# Hi!



## chrisTTopher11

Hi to everyone on the forum... I've been browsing this for ages now so feel like I know you all already!

I've got a 2005 150bhp roadster in glacier blue with leather and qs alloys... Bought it in October and can't wait for some sun to get the roof down!

Best car I've ever owned!

Happy new year to you all

Chris [smiley=gossip.gif]


----------



## YELLOW_TT

Welcome you dont need the sun to get the roof down as long as it is not raining that is all you need  
The only other thing you need is to join the TTOC www.ttoc.co.uk


----------



## chrisTTopher11

Cheers yellow_tt,

Since I've had the car we've had rain, sleet, snow and I think the coldest winter in years! It warmed up today, so I'll take your advice and get the roof down asap!! The heater is SO good in the roadster and I swear you could cook an egg on the heated seats when they're turned up full!!

I will join the TTOC... all I can say is from what I've seen on here TT owners are a FANTASTIC bunch of people!

:wink:


----------



## malstt

Welcome to the forum 8)


----------



## T3RBO

Welcome to the forum


----------



## Wallsendmag

Welcome to the forum


----------



## GreekTT

Welcome to the forum...


----------



## chrisTTopher11

Cheers guys... Look forward to chatting to you all at some point.

Chris


----------



## trev

Hi and welcome to the forum, with weather like you said you must be up here in Scotland :lol:


----------



## chrisTTopher11

Ha ha... deepest darkest Surrey actually! I will head up to Scotland sometime this year for the roads though... beautiful place! :wink:


----------



## trev

chrisTTopher11 said:


> Ha ha... deepest darkest Surrey actually! I will head up to Scotland sometime this year for the roads though... beautiful place! :wink:


give us a shout might be able to get an event going and you could meet up with us guys


----------



## chrisTTopher11

Sounds like a plan... summer in Scotland... lets try and get something going?? :idea:


----------



## trev

chrisTTopher11 said:


> Sounds like a plan... summer in Scotland... lets try and get something going?? :idea:


just give us some dates and we will see what could be arranged, we usualy have a weekend away at some hotel around loch earnhead great roads and views


----------



## chrisTTopher11

Just had a look at lochearnhead on the interweb... WOW looks stunning! Keep in touch and if you arrange something like that I'd definately be interested mate.


----------



## trev

chrisTTopher11 said:


> Just had a look at lochearnhead on the interweb... WOW looks stunning! Keep in touch and if you arrange something like that I'd definately be interested mate.
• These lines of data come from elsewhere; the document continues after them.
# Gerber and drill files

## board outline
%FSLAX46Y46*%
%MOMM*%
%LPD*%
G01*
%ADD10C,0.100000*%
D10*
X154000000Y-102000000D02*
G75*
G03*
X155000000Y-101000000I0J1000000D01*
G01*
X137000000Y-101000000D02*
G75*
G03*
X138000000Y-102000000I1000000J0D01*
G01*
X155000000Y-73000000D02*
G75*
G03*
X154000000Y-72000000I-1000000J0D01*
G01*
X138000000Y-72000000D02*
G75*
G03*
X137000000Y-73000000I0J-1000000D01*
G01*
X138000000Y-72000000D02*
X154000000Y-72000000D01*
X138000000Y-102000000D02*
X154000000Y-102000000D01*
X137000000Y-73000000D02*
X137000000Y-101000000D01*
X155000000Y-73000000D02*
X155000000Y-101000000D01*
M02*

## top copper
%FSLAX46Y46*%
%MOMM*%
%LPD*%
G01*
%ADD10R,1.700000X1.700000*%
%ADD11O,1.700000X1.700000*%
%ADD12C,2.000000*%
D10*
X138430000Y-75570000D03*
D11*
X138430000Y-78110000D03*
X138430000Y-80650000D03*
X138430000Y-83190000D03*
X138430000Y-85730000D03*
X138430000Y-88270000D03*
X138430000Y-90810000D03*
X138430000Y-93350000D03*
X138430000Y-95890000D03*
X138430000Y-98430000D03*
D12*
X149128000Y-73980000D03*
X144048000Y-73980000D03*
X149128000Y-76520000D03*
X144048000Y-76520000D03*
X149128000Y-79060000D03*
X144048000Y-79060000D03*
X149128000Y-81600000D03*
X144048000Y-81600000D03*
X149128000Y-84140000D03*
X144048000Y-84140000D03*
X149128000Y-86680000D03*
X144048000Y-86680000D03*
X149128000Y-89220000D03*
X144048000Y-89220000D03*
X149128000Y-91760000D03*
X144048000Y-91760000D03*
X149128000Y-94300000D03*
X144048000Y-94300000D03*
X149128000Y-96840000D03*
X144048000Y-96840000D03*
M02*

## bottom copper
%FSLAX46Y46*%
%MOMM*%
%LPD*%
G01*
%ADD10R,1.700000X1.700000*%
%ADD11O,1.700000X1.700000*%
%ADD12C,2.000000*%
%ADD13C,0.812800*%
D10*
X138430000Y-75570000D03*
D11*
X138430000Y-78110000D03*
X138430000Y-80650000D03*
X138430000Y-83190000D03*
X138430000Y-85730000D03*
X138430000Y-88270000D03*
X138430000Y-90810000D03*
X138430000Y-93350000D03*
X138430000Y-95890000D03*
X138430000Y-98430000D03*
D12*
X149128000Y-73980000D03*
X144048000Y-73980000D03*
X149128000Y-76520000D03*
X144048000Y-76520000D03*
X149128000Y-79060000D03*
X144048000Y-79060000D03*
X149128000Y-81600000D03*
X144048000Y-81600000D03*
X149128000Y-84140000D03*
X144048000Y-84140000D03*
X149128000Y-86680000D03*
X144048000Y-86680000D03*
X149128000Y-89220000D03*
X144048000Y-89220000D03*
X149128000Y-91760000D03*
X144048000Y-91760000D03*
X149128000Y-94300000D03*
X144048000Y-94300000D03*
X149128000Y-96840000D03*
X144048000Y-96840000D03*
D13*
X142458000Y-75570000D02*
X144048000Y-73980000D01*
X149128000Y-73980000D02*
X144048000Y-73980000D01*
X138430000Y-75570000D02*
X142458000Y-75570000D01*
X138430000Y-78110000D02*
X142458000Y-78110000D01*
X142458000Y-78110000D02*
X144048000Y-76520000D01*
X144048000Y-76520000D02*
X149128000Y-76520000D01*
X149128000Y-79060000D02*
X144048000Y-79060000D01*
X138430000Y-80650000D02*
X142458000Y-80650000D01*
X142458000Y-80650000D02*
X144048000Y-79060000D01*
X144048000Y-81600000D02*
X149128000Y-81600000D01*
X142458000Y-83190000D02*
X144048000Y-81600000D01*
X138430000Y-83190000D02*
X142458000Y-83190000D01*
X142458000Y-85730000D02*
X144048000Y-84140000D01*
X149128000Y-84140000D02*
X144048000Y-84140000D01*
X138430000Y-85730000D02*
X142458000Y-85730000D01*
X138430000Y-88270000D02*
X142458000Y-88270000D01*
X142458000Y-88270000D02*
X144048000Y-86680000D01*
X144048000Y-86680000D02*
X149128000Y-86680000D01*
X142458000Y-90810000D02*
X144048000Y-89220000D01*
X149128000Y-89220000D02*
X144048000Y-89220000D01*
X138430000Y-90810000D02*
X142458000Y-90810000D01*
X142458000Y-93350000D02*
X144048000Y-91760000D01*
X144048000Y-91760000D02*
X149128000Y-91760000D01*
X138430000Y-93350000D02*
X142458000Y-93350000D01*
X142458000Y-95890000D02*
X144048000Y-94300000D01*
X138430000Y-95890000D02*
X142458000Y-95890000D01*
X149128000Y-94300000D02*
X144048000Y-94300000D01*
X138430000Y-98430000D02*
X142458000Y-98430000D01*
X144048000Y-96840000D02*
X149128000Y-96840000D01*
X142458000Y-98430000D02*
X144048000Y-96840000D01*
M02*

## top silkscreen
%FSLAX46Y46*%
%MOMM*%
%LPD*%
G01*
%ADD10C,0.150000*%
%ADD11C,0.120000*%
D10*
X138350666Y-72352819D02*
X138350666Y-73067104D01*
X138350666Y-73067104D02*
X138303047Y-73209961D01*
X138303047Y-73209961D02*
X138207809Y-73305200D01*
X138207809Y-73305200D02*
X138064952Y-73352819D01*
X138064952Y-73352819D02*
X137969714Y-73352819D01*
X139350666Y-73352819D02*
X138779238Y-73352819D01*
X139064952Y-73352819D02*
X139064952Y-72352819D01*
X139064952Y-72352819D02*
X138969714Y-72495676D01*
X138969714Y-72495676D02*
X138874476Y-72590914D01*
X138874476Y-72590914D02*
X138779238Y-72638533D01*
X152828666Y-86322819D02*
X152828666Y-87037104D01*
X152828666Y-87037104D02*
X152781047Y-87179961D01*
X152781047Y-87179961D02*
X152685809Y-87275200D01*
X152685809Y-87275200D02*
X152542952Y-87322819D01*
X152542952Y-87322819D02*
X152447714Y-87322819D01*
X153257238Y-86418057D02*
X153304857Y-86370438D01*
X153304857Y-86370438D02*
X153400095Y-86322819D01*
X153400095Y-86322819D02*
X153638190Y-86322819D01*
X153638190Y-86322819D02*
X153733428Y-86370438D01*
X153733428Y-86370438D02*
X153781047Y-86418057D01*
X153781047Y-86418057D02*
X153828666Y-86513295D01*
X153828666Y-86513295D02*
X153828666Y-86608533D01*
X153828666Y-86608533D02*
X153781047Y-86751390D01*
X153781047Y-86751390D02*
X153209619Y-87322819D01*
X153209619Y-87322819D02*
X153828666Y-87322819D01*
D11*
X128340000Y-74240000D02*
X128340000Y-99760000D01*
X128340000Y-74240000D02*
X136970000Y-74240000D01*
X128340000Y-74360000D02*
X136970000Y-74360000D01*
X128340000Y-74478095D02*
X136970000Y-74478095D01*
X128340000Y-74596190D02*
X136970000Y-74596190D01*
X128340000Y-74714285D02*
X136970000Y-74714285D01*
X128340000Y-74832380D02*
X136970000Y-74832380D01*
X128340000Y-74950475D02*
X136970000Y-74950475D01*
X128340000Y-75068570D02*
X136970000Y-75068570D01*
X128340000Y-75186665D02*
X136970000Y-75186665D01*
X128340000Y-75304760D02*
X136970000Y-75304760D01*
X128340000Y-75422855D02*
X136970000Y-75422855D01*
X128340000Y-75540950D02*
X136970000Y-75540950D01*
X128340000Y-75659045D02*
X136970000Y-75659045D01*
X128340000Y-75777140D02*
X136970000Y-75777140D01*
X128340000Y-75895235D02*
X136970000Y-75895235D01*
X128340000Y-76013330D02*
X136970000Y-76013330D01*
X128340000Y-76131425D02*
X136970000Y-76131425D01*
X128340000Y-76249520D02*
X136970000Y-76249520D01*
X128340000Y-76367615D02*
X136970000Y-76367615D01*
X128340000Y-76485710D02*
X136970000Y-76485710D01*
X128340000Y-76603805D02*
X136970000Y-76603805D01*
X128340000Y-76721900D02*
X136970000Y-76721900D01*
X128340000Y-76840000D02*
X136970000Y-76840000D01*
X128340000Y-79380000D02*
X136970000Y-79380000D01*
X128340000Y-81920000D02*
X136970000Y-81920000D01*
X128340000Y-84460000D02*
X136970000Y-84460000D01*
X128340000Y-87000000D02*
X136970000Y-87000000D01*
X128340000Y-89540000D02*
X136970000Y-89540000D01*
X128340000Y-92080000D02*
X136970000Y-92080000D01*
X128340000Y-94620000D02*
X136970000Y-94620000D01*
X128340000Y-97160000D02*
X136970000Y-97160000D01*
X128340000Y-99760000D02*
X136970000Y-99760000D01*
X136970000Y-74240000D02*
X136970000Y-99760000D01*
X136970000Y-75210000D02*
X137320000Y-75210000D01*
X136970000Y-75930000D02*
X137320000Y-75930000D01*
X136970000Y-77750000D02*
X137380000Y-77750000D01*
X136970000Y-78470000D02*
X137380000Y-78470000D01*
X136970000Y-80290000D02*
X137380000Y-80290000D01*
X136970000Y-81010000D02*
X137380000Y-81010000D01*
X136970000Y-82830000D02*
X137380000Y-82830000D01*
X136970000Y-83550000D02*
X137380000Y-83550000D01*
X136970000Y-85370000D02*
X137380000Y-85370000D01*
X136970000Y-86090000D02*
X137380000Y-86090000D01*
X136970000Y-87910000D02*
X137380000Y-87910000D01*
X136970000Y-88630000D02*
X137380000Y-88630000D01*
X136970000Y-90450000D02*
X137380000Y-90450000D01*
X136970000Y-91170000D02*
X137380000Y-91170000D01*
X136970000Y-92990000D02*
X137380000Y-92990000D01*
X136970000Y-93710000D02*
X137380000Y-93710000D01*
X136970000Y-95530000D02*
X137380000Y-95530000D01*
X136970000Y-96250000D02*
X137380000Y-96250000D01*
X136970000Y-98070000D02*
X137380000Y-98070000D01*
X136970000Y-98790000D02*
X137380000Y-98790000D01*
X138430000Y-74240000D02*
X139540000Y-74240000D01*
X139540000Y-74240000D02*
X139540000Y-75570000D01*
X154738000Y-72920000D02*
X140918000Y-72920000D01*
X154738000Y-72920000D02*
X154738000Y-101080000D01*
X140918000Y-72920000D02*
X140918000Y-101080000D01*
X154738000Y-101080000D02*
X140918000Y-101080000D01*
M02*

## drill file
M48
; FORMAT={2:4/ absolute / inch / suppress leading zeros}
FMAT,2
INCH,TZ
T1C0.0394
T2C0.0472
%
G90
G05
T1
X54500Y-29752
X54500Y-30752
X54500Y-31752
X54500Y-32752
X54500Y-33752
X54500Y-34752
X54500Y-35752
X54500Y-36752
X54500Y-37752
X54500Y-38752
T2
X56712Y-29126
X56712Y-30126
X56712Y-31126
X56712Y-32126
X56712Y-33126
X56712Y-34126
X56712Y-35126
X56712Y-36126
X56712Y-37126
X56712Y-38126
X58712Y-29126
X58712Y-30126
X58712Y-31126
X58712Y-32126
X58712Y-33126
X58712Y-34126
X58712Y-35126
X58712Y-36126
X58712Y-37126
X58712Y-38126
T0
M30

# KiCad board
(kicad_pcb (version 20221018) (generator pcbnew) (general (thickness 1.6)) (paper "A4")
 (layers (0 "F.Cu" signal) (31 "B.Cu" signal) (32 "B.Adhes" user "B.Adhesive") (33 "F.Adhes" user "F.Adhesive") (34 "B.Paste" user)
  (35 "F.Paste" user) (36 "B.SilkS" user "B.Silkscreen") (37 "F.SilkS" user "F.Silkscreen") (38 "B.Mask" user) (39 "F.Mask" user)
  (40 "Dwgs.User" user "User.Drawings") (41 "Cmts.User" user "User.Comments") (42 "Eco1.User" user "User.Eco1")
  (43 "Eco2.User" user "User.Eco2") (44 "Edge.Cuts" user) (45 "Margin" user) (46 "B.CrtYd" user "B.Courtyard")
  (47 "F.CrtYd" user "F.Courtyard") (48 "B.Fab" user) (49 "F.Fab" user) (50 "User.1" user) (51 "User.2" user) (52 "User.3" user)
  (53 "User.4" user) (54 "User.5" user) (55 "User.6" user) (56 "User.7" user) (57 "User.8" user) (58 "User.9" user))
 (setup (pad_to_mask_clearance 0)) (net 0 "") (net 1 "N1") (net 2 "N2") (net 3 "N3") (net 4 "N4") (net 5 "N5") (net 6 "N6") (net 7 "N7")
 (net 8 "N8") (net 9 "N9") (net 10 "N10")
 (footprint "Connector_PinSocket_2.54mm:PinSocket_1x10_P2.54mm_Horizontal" (layer "F.Cu") (at 138.43 75.57)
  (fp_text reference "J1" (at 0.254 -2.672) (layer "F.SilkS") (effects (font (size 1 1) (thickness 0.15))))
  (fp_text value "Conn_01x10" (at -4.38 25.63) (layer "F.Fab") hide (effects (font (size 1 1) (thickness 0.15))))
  (fp_line (start -10.09 -1.33) (end -10.09 24.19) (stroke (width 0.12) (type solid)) (layer "F.SilkS"))
  (fp_line (start -10.09 -1.33) (end -1.46 -1.33) (stroke (width 0.12) (type solid)) (layer "F.SilkS"))
  (fp_line (start -10.09 -1.21) (end -1.46 -1.21) (stroke (width 0.12) (type solid)) (layer "F.SilkS"))
  (fp_line (start -10.09 -1.091905) (end -1.46 -1.091905) (stroke (width 0.12) (type solid)) (layer "F.SilkS"))
  (fp_line (start -10.09 -0.97381) (end -1.46 -0.97381) (stroke (width 0.12) (type solid)) (layer "F.SilkS"))
  (fp_line (start -10.09 -0.855715) (end -1.46 -0.855715) (stroke (width 0.12) (type solid)) (layer "F.SilkS"))
  (fp_line (start -10.09 -0.73762) (end -1.46 -0.73762) (stroke (width 0.12) (type solid)) (layer "F.SilkS"))
  (fp_line (start -10.09 -0.619525) (end -1.46 -0.619525) (stroke (width 0.12) (type solid)) (layer "F.SilkS"))
  (fp_line (start -10.09 -0.50143) (end -1.46 -0.50143) (stroke (width 0.12) (type solid)) (layer "F.SilkS"))
  (fp_line (start -10.09 -0.383335) (end -1.46 -0.383335) (stroke (width 0.12) (type solid)) (layer "F.SilkS"))
  (fp_line (start -10.09 -0.26524) (end -1.46 -0.26524) (stroke (width 0.12) (type solid)) (layer "F.SilkS"))
  (fp_line (start -10.09 -0.147145) (end -1.46 -0.147145) (stroke (width 0.12) (type solid)) (layer "F.SilkS"))
  (fp_line (start -10.09 -0.02905) (end -1.46 -0.02905) (stroke (width 0.12) (type solid)) (layer "F.SilkS"))
  (fp_line (start -10.09 0.089045) (end -1.46 0.089045) (stroke (width 0.12) (type solid)) (layer "F.SilkS"))
  (fp_line (start -10.09 0.20714) (end -1.46 0.20714) (stroke (width 0.12) (type solid)) (layer "F.SilkS"))
  (fp_line (start -10.09 0.325235) (end -1.46 0.325235) (stroke (width 0.12) (type solid)) (layer "F.SilkS"))
  (fp_line (start -10.09 0.44333) (end -1.46 0.44333) (stroke (width 0.12) (type solid)) (layer "F.SilkS"))
  (fp_line (start -10.09 0.561425) (end -1.46 0.561425) (stroke (width 0.12) (type solid)) (layer "F.SilkS"))
  (fp_line (start -10.09 0.67952) (end -1.46 0.67952) (stroke (width 0.12) (type solid)) (layer "F.SilkS"))
  (fp_line (start -10.09 0.797615) (end -1.46 0.797615) (stroke (width 0.12) (type solid)) (layer "F.SilkS"))
  (fp_line (start -10.09 0.91571) (end -1.46 0.91571) (stroke (width 0.12) (type solid)) (layer "F.SilkS"))
  (fp_line (start -10.09 1.033805) (end -1.46 1.033805) (stroke (width 0.12) (type solid)) (layer "F.SilkS"))
  (fp_line (start -10.09 1.1519) (end -1.46 1.1519) (stroke (width 0.12) (type solid)) (layer "F.SilkS"))
  (fp_line (start -10.09 1.27) (end -1.46 1.27) (stroke (width 0.12) (type solid)) (layer "F.SilkS"))
  (fp_line (start -10.09 3.81) (end -1.46 3.81) (stroke (width 0.12) (type solid)) (layer "F.SilkS"))
  (fp_line (start -10.09 6.35) (end -1.46 6.35) (stroke (width 0.12) (type solid)) (layer "F.SilkS"))
  (fp_line (start -10.09 8.89) (end -1.46 8.89) (stroke (width 0.12) (type solid)) (layer "F.SilkS"))
  (fp_line (start -10.09 11.43) (end -1.46 11.43) (stroke (width 0.12) (type solid)) (layer "F.SilkS"))
  (fp_line (start -10.09 13.97) (end -1.46 13.97) (stroke (width 0.12) (type solid)) (layer "F.SilkS"))
  (fp_line (start -10.09 16.51) (end -1.46 16.51) (stroke (width 0.12) (type solid)) (layer "F.SilkS"))
  (fp_line (start -10.09 19.05) (end -1.46 19.05) (stroke (width 0.12) (type solid)) (layer "F.SilkS"))
  (fp_line (start -10.09 21.59) (end -1.46 21.59) (stroke (width 0.12) (type solid)) (layer "F.SilkS"))
  (fp_line (start -10.09 24.19) (end -1.46 24.19) (stroke (width 0.12) (type solid)) (layer "F.SilkS"))
  (fp_line (start -1.46 -1.33) (end -1.46 24.19) (stroke (width 0.12) (type solid)) (layer "F.SilkS"))
  (fp_line (start -1.46 -0.36) (end -1.11 -0.36) (stroke (width 0.12) (type solid)) (layer "F.SilkS"))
 will keep you in mind mate pick a week that the sun will be out :lol:


----------



## Wallsendmag

Remember Easter 2006 snow,sun,everything in an hour


----------



## trev

wallsendmag said:


> Remember Easter 2006 snow,sun,everything in an hour


 :lol: thats right had to leave my car at your hotel that night cause of the snow and walk to our hotel,
better not say anything about aviemore let sleeping dogs lie :lol: :lol:


----------



## Wallsendmag

trev said:


> wallsendmag said:
> 
> 
> 
> Remember Easter 2006 snow,sun,everything in an hour
> 
> 
> 
> :lol: thats right had to leave my car at your hotel that night cause of the snow and walk to our hotel,
> better not say anything about aviemore let sleeping dogs lie :lol: :lol:
Click to expand...

Don't know what you mean ,I've never been to Aviemore


----------



## trev

wallsendmag said:


> trev said:
> 
> 
> 
> 
> 
> wallsendmag said:
> 
> 
> 
> Remember Easter 2006 snow,sun,everything in an hour
> 
> 
> 
> :lol: thats right had to leave my car at your hotel that night cause of the snow and walk to our hotel,
> better not say anything about aviemore let sleeping dogs lie :lol: :lol:
> 
> Click to expand...
> 
> Don't know what you mean ,I've never been to Aviemore
Click to expand...

 :lol: :lol: bet you have nightmares about taps


----------



## triplefan

Hi Chris, welcome to the forum

PS you don't need to wait for summer for a meet, checkout the run to France


----------



## chrisTTopher11

triplefan said:


> Hi Chris, welcome to the forum
> 
> PS you don't need to wait for summer for a meet, checkout the run to France


Hello triplefan,

I did have a look at the old Invasion of France and liked the look of what you've planned... a lot of hard work has obviously gone into it! I'll check the dates and let you know asap, got alot on in the next few months.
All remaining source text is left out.